TRIBOLOGY IS the science and engineering of interacting surfaces in relative motion. It includes the study and application of the principles of friction, lubrication and wear. Tribology is a branch of mechanical engineering and materials science.

The knowledge contained in tribology is used in the design of all kinds of rolling and sliding bearings. In rolling bearings, tribology informs the selection of the lubricants (oil and greases) for an application, the design of the bearing, and the choice of bearing materials and surfaces; it is also used to calculate friction losses, temperature rise and the lifespan of both the lubricant and the bearing itself.

Fig 1. With BEAST SKF uses a three-dimensional multi-body simulation tool specialized in detailed contact calculations, making it a very efficient tool for rolling bearings and other machine elements where contacts are important.

In early times, rolling bearings were designed mainly using empirical knowledge of materials and basic modelling aspects of mechanics and fatigue. However, due to the high performance requirements that the modern industry has imposed on rolling bearings, empirical knowledge is no longer enough. Many of the requirements affect the contacting surfaces; higher velocities, higher temperatures, higher power densities, thinner lubricants, larger bearing sizes, more aggressive environmental conditions or additives, higher vibration, etc. Rolling bearings are in general extremely reliable components, but when they fail the root cause is often on the surface, e.g. poor lubrication, contamination, wear, high temperatures associated to friction, etc. where the knowledge of tribology is highly relevant. This is why the understanding of tribological mechanisms and the development of innovative tribological solutions have become so important in the bearing industry.

Modern bearings are designed based on highly sophisticated tribological knowledge, from the selection of materials to the design of their geometry and surface finishing; this includes the specification of the lubricant and seals for reliable and safe operation. The tribological knowledge involved requires sophisticated computational models and detailed laboratory experiments and test methods.

Important innovations have come out as a result of the tribological knowledge in SKF. For example, E2 (energy efficient) bearings, NoWear coating, hybrid bearings, brass and polymer cages, super-finished bearings for special applications, surface texturing, grease and lubricant specifications, low friction seals, etc. are all a result of R&D work. Tribological knowledge is also packaged into many prediction tools and software. These include BEAST, Bearing Beacon, printed and on-line catalogue models, the friction model for rolling bearings, the bearing life model (especially the lubrication and contamination factors), the grease life model and the surface distress model. These are important tools in the development of innovations and in the prediction of bearing performance in conditions where the surface plays a major role.

Fig 2. Tribological knowledge is also important when developing new seals: This is a simulation of the contact of a seal with its rigid counter surface.

Click Image to Enlarge

Fig 3. “Tribogyr” at INSA de Lyon is the largest and most sophisticated test machine ever built to measure friction and lubrication film thickness in heavily loaded spinning contacts.

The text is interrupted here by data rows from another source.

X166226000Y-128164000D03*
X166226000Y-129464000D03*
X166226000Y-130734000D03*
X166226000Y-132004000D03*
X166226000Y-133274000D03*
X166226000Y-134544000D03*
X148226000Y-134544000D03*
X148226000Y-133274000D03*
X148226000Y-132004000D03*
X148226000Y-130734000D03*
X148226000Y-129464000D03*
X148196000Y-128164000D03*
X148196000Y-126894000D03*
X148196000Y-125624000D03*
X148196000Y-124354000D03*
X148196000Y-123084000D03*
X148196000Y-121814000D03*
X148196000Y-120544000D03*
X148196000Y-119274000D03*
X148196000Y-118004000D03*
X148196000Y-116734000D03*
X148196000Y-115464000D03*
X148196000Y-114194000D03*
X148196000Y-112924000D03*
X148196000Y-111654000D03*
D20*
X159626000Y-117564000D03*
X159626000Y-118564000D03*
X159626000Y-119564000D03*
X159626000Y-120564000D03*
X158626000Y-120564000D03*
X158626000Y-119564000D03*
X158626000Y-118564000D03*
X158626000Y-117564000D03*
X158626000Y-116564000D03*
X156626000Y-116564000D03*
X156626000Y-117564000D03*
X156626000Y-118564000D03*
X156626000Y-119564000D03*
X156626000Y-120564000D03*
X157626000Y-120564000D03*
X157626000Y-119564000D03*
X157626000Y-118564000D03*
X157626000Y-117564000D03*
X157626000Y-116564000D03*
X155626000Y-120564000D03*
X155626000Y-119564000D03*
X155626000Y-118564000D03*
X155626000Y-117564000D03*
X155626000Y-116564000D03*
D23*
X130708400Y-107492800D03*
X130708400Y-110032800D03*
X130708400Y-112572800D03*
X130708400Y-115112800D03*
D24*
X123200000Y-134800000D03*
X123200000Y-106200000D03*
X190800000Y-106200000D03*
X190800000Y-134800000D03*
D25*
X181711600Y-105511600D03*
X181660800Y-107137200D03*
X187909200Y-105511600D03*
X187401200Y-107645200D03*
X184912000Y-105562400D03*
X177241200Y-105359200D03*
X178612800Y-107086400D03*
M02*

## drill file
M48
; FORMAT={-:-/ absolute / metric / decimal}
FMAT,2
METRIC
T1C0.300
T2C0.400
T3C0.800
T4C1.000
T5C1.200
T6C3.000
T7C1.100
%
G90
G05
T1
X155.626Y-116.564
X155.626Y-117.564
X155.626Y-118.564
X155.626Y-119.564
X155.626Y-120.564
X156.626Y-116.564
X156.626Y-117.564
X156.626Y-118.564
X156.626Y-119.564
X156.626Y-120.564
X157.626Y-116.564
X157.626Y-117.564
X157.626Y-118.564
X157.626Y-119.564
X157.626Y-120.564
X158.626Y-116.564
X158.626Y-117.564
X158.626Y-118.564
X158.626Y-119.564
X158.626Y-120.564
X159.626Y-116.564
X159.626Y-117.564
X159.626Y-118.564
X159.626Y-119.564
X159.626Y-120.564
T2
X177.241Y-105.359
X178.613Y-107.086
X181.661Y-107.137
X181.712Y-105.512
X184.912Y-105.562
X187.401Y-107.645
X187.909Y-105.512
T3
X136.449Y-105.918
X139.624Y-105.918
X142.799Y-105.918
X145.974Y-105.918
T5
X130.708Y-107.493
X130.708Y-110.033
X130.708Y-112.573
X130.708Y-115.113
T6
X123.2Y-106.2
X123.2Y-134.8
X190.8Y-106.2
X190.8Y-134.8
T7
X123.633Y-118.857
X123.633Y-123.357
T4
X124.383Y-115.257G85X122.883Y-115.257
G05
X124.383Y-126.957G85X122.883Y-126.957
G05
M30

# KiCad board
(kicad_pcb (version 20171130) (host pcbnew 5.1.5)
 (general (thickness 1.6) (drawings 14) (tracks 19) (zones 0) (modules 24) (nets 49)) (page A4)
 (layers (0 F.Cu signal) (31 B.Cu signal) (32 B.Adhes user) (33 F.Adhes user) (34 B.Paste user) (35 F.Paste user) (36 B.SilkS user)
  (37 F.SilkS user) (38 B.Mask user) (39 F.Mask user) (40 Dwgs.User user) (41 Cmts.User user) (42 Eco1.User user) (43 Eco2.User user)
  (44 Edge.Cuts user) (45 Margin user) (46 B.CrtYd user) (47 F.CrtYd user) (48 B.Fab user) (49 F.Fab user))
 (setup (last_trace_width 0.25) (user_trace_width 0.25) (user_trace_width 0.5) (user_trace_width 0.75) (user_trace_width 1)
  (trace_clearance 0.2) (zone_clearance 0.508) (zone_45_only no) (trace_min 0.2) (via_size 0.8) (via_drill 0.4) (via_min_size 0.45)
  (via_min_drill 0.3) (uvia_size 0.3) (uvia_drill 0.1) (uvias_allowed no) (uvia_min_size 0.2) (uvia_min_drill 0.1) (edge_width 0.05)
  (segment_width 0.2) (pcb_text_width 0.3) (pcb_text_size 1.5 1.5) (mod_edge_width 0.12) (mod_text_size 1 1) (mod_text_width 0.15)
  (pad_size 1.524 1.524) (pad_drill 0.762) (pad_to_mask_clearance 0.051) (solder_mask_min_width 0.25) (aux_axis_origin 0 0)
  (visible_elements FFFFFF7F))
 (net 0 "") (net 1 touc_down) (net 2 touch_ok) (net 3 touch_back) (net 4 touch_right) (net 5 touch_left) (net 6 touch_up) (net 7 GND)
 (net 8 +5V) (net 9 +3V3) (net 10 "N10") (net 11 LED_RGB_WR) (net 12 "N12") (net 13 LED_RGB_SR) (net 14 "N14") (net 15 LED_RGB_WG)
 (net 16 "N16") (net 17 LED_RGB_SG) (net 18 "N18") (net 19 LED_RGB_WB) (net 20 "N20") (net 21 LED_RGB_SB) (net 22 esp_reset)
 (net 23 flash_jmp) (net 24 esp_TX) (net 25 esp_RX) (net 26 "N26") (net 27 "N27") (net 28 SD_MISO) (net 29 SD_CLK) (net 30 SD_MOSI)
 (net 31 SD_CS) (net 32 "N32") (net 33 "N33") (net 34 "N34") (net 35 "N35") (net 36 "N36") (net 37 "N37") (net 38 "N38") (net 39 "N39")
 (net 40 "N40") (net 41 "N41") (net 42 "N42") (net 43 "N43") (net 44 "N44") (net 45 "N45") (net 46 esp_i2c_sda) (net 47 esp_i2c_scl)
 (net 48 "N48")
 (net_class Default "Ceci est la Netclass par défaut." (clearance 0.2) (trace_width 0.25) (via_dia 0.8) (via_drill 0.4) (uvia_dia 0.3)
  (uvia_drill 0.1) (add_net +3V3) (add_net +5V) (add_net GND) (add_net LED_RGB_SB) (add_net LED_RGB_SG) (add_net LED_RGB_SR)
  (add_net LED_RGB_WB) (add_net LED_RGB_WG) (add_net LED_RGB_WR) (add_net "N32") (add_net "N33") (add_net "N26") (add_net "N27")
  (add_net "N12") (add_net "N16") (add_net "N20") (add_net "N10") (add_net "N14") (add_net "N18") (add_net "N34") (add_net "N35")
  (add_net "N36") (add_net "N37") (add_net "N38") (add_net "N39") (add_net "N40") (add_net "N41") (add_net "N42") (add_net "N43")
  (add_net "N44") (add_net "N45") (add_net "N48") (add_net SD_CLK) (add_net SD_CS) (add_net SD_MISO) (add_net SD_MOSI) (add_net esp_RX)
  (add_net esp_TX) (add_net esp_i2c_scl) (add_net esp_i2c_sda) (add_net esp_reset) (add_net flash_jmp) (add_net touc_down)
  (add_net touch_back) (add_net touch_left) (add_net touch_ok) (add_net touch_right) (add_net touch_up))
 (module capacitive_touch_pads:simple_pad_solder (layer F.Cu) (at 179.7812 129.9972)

Tribology Cooperation with Universities

SKF has established long-term co-operations with some of the best universities in the tribology field, which is unique in the bearing industry. Although hightech companies have their own internal research and development facilities and specialists, the advantage of working with academia is the access to worldclass scientists and engineers with a long-term mindset and a different approach, enhancing overall creativity. The window for achieving results is often much more long term than it would be in-house. However, to keep high-level tribology research in-house is of paramount importance in order to be able to integrate and to input the business perspective to the academic research.

Fig 4. Result of tribological research & development: Low Friction seals can reduce levels of friction by up to 55%, compared with conventional shaft seals.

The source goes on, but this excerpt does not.